# Super Mario Maker Bowser Jr. Secret?



## KingKyle (Jan 19, 2016)

So if you put 2 Big Bowser Jr.s in the Fire Junior Clown Car and 1 Big Bowser Jr. on the floor in the Course Maker and hit "Play", Bowser Jr. will say: "Hahaha!". Here's a picture of it:


- - - Post Merge - - -

He will only laugh if the Bowser Juniors are in NSMBU.


----------



## lars708 (Jan 20, 2016)

KingKyle said:


> So if you put 2 Big Bowser Jr.s in the Fire Junior Clown Car and 1 Big Bowser Jr. on the floor in the Course Maker and hit "Play", Bowser Jr. will say: "Hahaha!". Here's a picture of it:View attachment 162419
> 
> - - - Post Merge - - -
> 
> He will only laugh if the Bowser Juniors are in NSMBU.

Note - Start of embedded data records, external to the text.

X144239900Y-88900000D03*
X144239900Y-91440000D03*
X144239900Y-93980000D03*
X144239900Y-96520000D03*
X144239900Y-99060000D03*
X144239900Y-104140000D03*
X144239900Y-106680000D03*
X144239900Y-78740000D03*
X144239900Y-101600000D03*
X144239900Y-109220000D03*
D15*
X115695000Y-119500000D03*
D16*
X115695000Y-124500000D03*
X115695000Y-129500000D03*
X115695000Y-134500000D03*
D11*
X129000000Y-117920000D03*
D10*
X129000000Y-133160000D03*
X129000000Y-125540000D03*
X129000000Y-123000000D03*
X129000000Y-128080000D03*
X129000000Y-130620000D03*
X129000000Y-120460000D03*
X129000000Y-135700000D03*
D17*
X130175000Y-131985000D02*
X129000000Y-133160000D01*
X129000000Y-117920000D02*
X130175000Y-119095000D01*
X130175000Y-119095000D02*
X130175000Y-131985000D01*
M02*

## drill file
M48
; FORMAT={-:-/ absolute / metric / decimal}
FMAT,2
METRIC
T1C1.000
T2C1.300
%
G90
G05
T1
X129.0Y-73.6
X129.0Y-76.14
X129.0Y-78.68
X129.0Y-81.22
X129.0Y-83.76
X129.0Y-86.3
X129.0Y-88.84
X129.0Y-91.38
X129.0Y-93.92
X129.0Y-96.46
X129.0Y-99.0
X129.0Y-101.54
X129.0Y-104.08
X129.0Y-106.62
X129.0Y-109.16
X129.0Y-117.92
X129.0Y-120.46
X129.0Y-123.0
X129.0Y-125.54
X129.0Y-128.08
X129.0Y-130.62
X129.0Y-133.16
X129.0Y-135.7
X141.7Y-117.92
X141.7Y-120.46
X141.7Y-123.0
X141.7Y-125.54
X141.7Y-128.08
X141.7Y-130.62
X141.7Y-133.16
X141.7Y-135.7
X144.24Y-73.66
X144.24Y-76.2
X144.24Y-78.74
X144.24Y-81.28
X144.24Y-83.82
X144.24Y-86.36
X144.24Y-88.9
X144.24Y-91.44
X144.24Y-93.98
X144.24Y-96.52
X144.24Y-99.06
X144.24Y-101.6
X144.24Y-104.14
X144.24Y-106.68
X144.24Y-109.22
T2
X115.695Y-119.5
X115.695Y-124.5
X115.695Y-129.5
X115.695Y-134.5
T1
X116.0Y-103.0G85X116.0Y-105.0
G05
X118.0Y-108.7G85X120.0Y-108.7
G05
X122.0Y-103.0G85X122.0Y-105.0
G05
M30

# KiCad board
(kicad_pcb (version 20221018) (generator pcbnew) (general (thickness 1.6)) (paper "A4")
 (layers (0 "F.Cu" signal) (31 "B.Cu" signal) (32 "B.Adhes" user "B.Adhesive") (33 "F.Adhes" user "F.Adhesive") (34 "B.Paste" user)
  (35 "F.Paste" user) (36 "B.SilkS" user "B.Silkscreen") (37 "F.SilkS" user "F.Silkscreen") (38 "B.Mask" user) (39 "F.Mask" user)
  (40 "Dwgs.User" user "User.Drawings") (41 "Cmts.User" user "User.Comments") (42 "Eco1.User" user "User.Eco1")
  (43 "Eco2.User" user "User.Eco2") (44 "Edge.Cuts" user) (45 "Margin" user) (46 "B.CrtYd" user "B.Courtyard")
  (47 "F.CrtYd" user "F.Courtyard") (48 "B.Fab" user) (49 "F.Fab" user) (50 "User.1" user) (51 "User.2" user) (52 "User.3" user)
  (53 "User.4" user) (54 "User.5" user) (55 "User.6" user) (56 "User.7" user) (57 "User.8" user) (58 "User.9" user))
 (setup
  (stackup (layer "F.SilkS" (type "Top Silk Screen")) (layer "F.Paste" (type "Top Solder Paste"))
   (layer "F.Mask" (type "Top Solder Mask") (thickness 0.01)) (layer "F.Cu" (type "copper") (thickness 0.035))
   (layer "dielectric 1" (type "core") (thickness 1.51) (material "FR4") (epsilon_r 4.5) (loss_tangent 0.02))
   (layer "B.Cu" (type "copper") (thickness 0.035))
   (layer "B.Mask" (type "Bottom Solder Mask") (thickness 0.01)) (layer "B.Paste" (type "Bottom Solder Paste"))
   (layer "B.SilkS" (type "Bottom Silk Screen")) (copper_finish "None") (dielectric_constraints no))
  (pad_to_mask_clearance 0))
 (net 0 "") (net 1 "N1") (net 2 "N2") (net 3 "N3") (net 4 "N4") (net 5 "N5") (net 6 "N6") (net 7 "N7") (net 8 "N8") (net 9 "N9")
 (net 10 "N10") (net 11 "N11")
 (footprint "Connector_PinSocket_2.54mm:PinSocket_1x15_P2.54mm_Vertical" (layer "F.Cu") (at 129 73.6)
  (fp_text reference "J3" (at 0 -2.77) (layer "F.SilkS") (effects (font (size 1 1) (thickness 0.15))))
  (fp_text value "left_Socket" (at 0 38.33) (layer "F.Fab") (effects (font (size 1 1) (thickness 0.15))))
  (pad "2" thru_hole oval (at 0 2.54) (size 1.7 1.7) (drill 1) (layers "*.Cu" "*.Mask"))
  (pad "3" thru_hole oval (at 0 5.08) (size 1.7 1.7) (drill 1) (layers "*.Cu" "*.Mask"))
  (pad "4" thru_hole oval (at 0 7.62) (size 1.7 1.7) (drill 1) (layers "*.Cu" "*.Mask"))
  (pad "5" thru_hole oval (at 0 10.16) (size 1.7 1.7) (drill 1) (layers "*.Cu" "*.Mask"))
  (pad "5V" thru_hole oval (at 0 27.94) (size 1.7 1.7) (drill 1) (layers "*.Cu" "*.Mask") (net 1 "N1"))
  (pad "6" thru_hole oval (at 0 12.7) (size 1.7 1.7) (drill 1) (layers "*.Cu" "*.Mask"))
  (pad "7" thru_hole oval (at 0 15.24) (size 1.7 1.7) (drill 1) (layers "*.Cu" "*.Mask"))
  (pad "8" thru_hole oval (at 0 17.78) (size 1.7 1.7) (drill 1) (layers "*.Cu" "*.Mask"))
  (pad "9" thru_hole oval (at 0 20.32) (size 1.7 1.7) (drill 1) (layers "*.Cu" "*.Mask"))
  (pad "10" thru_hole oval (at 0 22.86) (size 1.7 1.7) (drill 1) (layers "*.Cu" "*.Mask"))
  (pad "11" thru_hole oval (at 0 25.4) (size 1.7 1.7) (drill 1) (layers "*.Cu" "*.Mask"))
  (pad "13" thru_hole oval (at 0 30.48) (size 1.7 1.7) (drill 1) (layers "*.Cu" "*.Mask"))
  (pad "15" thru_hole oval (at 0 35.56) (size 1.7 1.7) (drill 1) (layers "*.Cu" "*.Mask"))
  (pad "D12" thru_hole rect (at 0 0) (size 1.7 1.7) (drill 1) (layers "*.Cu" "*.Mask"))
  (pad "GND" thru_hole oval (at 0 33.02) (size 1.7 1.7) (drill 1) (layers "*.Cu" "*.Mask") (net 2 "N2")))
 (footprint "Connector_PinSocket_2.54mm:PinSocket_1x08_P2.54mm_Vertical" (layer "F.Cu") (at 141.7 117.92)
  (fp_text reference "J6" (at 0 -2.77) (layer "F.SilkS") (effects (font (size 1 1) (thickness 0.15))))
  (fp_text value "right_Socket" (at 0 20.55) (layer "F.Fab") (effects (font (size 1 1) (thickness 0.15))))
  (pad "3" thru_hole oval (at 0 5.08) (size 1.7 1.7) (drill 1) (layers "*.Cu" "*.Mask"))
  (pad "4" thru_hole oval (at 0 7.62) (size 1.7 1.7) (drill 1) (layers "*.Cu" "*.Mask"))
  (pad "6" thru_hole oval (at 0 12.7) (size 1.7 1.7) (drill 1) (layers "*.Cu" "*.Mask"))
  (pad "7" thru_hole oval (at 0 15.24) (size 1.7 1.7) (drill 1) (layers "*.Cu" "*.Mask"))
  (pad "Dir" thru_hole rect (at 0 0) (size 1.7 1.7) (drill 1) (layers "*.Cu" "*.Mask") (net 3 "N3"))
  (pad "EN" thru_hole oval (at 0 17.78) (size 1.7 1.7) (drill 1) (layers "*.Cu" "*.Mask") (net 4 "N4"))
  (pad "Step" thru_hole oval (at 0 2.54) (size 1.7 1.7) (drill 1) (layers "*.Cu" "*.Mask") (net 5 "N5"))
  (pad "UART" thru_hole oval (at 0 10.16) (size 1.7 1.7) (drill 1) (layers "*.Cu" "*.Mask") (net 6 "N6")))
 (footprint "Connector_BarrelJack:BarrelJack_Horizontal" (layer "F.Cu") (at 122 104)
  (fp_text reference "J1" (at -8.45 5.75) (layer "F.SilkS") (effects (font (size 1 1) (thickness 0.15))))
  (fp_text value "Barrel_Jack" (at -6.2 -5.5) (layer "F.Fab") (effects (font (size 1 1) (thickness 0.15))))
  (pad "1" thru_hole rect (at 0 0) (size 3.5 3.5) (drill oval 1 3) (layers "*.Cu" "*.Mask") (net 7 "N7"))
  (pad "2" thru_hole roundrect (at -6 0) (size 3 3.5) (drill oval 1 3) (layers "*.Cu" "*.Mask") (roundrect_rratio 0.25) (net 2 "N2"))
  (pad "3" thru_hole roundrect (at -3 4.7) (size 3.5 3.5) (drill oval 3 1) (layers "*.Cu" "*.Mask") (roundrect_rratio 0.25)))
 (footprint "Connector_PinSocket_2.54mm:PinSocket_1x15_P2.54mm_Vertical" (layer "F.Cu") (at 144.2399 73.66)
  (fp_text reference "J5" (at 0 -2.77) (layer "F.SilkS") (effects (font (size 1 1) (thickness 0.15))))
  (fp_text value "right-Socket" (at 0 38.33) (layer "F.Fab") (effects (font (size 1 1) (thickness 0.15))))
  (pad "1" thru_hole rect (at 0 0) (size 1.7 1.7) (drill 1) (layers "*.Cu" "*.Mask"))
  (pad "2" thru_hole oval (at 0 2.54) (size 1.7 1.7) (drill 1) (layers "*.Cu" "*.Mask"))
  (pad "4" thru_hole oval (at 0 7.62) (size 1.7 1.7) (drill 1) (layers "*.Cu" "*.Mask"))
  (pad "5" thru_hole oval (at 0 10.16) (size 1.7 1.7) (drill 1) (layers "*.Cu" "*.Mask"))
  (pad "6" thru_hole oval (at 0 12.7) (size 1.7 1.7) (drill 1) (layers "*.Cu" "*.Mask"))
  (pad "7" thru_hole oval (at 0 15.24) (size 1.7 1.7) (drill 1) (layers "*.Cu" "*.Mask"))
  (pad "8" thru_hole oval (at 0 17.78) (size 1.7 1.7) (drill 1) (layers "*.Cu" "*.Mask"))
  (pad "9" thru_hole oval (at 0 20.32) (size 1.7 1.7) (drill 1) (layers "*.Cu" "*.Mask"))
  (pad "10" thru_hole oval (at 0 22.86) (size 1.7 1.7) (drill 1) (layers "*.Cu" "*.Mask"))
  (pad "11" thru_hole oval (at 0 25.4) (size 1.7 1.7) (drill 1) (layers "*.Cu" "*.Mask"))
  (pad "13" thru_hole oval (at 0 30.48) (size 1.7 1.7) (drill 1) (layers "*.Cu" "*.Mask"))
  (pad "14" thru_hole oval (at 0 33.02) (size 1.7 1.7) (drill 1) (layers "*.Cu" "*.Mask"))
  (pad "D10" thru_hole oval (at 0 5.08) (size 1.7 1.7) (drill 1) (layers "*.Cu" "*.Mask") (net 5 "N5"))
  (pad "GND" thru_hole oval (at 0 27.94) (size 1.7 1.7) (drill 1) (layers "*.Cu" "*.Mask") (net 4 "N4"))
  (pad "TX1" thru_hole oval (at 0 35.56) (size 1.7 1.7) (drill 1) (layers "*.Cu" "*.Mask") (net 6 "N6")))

I think that he just says that when he enters a clown car.


----------



## KingKyle (Jan 20, 2016)

UPDATE: I found out 2 Bowser Juniors have to be in ANY 2 clown cars. Forget about the Bowser Jr. on the floor. Like this:


----------



## KingKyle (Jan 23, 2016)

bump


----------



## LambdaDelta (Jan 24, 2016)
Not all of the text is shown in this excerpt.